Once the line containing "X188304428Y-59642543D01*" is found in the entries below, reproduce it and every line after it, stopping at and including the line containing "X188685381Y-59547305D02*"; reproduce nothing else, and keep each line exact.

++++++++

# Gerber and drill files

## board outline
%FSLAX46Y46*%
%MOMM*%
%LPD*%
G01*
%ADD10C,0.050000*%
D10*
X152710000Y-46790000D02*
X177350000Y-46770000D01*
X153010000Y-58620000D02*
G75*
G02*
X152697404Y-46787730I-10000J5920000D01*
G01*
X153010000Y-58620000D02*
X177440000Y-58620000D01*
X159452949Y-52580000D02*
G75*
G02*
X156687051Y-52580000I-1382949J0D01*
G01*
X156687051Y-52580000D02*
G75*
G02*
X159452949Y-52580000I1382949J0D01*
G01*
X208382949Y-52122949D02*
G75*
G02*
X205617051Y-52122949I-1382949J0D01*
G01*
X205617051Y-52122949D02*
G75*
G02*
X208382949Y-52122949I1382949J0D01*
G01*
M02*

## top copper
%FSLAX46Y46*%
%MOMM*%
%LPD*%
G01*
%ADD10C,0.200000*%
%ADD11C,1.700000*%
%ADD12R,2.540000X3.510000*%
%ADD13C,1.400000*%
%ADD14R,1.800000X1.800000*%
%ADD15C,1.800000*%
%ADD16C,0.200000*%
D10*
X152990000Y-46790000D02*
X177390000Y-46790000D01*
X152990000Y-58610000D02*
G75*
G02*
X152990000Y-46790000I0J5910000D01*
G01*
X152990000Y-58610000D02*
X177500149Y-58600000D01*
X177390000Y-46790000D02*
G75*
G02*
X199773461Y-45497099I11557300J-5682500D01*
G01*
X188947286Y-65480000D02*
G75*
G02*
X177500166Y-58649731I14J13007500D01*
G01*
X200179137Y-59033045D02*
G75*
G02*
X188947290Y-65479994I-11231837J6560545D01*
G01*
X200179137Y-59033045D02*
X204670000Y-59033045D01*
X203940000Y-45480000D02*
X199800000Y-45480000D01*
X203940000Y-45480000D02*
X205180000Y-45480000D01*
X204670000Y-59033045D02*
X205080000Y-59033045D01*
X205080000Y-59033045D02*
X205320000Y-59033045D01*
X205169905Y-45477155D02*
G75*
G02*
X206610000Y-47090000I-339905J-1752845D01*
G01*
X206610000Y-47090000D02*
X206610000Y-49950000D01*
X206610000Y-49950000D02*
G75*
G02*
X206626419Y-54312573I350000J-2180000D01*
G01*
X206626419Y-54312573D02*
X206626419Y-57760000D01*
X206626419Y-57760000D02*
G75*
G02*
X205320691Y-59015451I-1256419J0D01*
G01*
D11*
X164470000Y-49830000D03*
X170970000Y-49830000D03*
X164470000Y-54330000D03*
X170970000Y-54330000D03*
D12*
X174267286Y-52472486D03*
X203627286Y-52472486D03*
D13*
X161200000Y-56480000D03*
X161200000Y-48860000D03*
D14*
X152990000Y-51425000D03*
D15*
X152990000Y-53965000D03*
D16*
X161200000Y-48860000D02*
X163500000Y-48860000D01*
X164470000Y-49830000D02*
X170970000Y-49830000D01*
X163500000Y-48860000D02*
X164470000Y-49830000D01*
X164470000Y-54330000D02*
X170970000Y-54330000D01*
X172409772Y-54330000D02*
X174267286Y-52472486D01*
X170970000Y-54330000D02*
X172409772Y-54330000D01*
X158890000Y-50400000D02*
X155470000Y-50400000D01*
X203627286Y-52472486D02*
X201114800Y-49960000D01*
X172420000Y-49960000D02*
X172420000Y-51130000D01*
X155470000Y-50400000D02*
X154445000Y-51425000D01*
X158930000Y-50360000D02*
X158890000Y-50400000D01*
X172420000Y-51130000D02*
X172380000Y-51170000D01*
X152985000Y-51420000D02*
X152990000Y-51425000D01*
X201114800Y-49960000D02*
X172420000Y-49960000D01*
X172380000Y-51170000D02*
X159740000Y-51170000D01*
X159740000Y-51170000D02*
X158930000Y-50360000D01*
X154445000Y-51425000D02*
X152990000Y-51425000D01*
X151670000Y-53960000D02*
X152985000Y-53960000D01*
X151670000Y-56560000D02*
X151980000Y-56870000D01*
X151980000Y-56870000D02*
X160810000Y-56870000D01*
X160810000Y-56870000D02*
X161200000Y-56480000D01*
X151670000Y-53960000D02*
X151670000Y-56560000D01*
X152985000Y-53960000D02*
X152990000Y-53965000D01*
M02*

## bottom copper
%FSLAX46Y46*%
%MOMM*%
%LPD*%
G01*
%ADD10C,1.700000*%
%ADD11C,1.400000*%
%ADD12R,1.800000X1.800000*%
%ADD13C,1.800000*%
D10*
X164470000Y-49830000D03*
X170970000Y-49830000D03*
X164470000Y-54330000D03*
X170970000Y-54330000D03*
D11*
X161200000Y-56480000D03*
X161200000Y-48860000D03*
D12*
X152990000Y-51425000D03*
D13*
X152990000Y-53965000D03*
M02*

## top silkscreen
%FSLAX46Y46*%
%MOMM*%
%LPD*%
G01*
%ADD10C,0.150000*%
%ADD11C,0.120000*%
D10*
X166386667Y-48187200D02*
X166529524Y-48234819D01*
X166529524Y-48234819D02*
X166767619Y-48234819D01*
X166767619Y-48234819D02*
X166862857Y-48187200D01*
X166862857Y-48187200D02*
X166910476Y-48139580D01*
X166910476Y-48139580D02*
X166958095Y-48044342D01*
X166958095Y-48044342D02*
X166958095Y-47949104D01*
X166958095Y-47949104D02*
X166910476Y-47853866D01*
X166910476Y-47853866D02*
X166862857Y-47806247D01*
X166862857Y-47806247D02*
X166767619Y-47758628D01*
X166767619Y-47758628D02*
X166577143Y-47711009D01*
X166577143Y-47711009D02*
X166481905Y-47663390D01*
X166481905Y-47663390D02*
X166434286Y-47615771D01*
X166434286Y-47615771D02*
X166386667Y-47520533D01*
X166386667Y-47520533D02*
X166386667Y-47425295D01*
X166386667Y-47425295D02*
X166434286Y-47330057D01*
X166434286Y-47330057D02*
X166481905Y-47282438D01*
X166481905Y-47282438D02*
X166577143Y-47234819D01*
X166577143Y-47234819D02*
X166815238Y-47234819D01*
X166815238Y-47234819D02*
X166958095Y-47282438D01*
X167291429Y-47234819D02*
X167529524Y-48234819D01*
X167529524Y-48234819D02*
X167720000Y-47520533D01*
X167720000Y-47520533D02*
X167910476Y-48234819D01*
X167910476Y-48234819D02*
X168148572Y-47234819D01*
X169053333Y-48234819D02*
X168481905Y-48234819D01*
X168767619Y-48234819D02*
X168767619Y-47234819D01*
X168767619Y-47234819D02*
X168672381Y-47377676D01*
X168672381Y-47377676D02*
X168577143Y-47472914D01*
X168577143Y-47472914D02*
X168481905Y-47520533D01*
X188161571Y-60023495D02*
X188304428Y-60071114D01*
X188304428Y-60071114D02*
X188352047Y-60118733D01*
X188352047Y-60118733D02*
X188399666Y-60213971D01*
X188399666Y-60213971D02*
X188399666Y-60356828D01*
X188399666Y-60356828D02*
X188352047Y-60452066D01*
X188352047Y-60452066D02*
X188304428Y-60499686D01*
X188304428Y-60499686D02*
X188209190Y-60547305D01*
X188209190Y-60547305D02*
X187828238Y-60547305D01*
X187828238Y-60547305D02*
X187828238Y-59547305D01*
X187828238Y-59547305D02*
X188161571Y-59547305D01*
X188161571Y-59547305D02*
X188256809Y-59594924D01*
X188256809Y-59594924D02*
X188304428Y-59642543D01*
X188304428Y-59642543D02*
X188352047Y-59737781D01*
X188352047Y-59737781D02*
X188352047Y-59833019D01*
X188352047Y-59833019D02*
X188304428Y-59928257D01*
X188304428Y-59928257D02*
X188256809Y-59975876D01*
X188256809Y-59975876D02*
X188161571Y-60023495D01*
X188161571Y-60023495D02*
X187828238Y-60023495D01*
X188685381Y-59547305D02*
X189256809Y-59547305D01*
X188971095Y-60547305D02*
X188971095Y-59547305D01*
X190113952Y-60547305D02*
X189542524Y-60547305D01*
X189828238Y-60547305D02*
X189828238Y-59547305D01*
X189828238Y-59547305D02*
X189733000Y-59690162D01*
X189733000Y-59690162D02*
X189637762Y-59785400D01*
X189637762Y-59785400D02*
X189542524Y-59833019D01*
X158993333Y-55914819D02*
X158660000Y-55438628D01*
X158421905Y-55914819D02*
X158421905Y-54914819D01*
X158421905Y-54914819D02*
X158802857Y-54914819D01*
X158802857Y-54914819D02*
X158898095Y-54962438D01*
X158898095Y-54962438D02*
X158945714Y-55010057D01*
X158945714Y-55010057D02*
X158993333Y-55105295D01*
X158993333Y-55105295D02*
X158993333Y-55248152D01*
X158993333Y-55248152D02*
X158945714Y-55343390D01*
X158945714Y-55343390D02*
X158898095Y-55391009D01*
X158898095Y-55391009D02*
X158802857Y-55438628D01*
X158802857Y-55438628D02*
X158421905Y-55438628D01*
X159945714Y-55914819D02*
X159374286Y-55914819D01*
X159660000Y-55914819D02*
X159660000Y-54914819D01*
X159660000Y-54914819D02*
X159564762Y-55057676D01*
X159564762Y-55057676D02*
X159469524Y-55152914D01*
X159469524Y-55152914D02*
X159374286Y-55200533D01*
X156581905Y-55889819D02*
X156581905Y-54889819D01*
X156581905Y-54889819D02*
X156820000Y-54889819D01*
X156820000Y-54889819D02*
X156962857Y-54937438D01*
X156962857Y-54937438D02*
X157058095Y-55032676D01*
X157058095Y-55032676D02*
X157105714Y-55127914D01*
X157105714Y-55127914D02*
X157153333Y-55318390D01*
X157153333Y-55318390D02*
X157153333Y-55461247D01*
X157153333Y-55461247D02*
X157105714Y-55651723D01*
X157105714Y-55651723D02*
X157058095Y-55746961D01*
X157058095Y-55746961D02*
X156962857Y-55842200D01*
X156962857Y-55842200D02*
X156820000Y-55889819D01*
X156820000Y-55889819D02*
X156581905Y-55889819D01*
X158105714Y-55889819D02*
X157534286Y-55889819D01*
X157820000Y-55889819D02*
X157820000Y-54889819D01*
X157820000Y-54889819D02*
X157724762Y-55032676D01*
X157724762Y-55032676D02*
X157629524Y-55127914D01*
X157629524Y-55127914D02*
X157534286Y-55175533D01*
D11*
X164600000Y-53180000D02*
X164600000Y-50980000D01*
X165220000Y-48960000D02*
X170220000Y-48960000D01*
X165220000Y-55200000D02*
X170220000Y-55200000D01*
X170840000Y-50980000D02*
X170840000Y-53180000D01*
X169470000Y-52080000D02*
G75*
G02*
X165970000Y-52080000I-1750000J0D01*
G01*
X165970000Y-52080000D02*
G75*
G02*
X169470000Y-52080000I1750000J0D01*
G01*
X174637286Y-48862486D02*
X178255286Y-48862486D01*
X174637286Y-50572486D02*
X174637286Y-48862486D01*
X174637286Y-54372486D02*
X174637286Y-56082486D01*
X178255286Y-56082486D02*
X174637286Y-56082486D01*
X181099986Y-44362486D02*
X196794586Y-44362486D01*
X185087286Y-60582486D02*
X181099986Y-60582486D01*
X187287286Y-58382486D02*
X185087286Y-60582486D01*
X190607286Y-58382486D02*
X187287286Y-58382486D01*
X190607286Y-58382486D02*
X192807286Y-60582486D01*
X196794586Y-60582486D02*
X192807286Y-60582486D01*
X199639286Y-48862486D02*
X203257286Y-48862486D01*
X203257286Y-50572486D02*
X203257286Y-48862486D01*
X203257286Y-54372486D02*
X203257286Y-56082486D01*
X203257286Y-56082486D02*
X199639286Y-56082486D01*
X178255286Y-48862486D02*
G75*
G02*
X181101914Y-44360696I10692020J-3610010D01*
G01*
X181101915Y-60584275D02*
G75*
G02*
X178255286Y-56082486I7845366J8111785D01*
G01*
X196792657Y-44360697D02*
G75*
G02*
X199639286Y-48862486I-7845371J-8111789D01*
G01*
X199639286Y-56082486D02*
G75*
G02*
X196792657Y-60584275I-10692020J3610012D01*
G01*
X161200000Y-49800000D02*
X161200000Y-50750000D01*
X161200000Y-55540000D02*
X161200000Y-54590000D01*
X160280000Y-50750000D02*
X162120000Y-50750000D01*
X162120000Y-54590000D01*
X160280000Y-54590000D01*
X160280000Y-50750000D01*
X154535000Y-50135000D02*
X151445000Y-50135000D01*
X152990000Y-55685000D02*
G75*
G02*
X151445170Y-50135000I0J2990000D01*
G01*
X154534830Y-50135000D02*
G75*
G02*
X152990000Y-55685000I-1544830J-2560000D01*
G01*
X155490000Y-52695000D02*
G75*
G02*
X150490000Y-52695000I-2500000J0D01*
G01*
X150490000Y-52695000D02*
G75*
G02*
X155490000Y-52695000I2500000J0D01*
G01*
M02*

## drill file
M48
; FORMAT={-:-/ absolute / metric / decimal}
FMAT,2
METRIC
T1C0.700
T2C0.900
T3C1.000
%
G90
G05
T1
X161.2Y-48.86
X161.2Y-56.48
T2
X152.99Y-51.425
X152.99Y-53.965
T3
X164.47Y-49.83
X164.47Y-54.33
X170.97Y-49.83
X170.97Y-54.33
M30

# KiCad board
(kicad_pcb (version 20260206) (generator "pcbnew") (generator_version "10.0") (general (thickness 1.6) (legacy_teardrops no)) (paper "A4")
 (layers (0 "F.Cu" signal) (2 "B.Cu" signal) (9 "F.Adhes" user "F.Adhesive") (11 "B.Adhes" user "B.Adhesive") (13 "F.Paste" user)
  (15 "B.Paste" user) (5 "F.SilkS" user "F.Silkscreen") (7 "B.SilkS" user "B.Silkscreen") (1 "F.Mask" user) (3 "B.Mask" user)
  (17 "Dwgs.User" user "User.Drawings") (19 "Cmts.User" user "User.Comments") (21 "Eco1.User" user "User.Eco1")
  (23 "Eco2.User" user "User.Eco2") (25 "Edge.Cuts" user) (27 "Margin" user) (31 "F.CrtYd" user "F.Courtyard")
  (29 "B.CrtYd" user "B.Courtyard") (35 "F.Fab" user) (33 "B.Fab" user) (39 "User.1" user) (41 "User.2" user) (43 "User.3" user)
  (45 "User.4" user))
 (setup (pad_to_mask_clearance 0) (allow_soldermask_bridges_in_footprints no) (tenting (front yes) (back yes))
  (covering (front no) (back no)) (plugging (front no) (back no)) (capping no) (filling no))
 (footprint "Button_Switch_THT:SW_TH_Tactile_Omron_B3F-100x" (layer "F.Cu") (at 164.47 49.83)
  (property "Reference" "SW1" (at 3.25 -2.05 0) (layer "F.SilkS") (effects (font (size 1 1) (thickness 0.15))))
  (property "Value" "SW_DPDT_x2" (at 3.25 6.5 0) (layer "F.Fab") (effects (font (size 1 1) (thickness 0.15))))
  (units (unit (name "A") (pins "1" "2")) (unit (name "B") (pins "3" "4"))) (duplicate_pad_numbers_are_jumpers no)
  (fp_line (start 0.13 3.35) (end 0.13 1.15) (stroke (width 0.12) (type solid)) (layer "F.SilkS"))
  (fp_line (start 0.75 -0.87) (end 5.75 -0.87) (stroke (width 0.12) (type solid)) (layer "F.SilkS"))
  (fp_line (start 0.75 5.37) (end 5.75 5.37) (stroke (width 0.12) (type solid)) (layer "F.SilkS"))
  (fp_line (start 6.37 1.15) (end 6.37 3.35) (stroke (width 0.12) (type solid)) (layer "F.SilkS"))
  (fp_circle (center 3.25 2.25) (end 5 2.25) (stroke (width 0.12) (type solid)) (fill no) (layer "F.SilkS"))
  (pad "1" thru_hole circle (at 0 0) (size 1.7 1.7) (drill 1) (layers "*.Cu" "*.Mask") (remove_unused_layers no) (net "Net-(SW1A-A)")
   (thermal_bridge_angle 90))
  (pad "1" thru_hole circle (at 6.5 0) (size 1.7 1.7) (drill 1) (layers "*.Cu" "*.Mask") (remove_unused_layers no) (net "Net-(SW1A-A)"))
  (pad "2" thru_hole circle (at 0 4.5) (size 1.7 1.7) (drill 1) (layers "*.Cu" "*.Mask") (remove_unused_layers no) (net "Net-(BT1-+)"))
  (pad "2" thru_hole circle (at 6.5 4.5) (size 1.7 1.7) (drill 1) (layers "*.Cu" "*.Mask") (remove_unused_layers no) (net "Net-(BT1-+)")))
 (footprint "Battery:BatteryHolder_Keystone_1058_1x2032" (layer "F.Cu") (at 188.947286 52.472486)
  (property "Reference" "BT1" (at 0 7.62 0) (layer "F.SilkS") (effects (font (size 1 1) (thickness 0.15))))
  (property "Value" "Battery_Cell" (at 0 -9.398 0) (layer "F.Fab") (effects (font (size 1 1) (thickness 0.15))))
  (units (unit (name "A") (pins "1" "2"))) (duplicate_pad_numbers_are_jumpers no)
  (fp_line (start -14.31 -3.61) (end -10.692 -3.61) (stroke (width 0.12) (type solid)) (layer "F.SilkS"))
  (fp_line (start -14.31 -1.9) (end -14.31 -3.61) (stroke (width 0.12) (type solid)) (layer "F.SilkS"))
  (fp_line (start -14.31 1.9) (end -14.31 3.61) (stroke (width 0.12) (type solid)) (layer "F.SilkS"))
  (fp_line (start -10.692 3.61) (end -14.31 3.61) (stroke (width 0.12) (type solid)) (layer "F.SilkS"))
  (fp_line (start -7.8473 -8.11) (end 7.8473 -8.11) (stroke (width 0.12) (type solid)) (layer "F.SilkS"))
  (fp_line (start -3.86 8.11) (end -7.8473 8.11) (stroke (width 0.12) (type solid)) (layer "F.SilkS"))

++++++++

== Task solution ==
X188304428Y-59642543D01*
X188304428Y-59642543D02*
X188352047Y-59737781D01*
X188352047Y-59737781D02*
X188352047Y-59833019D01*
X188352047Y-59833019D02*
X188304428Y-59928257D01*
X188304428Y-59928257D02*
X188256809Y-59975876D01*
X188256809Y-59975876D02*
X188161571Y-60023495D01*
X188161571Y-60023495D02*
X187828238Y-60023495D01*
X188685381Y-59547305D02*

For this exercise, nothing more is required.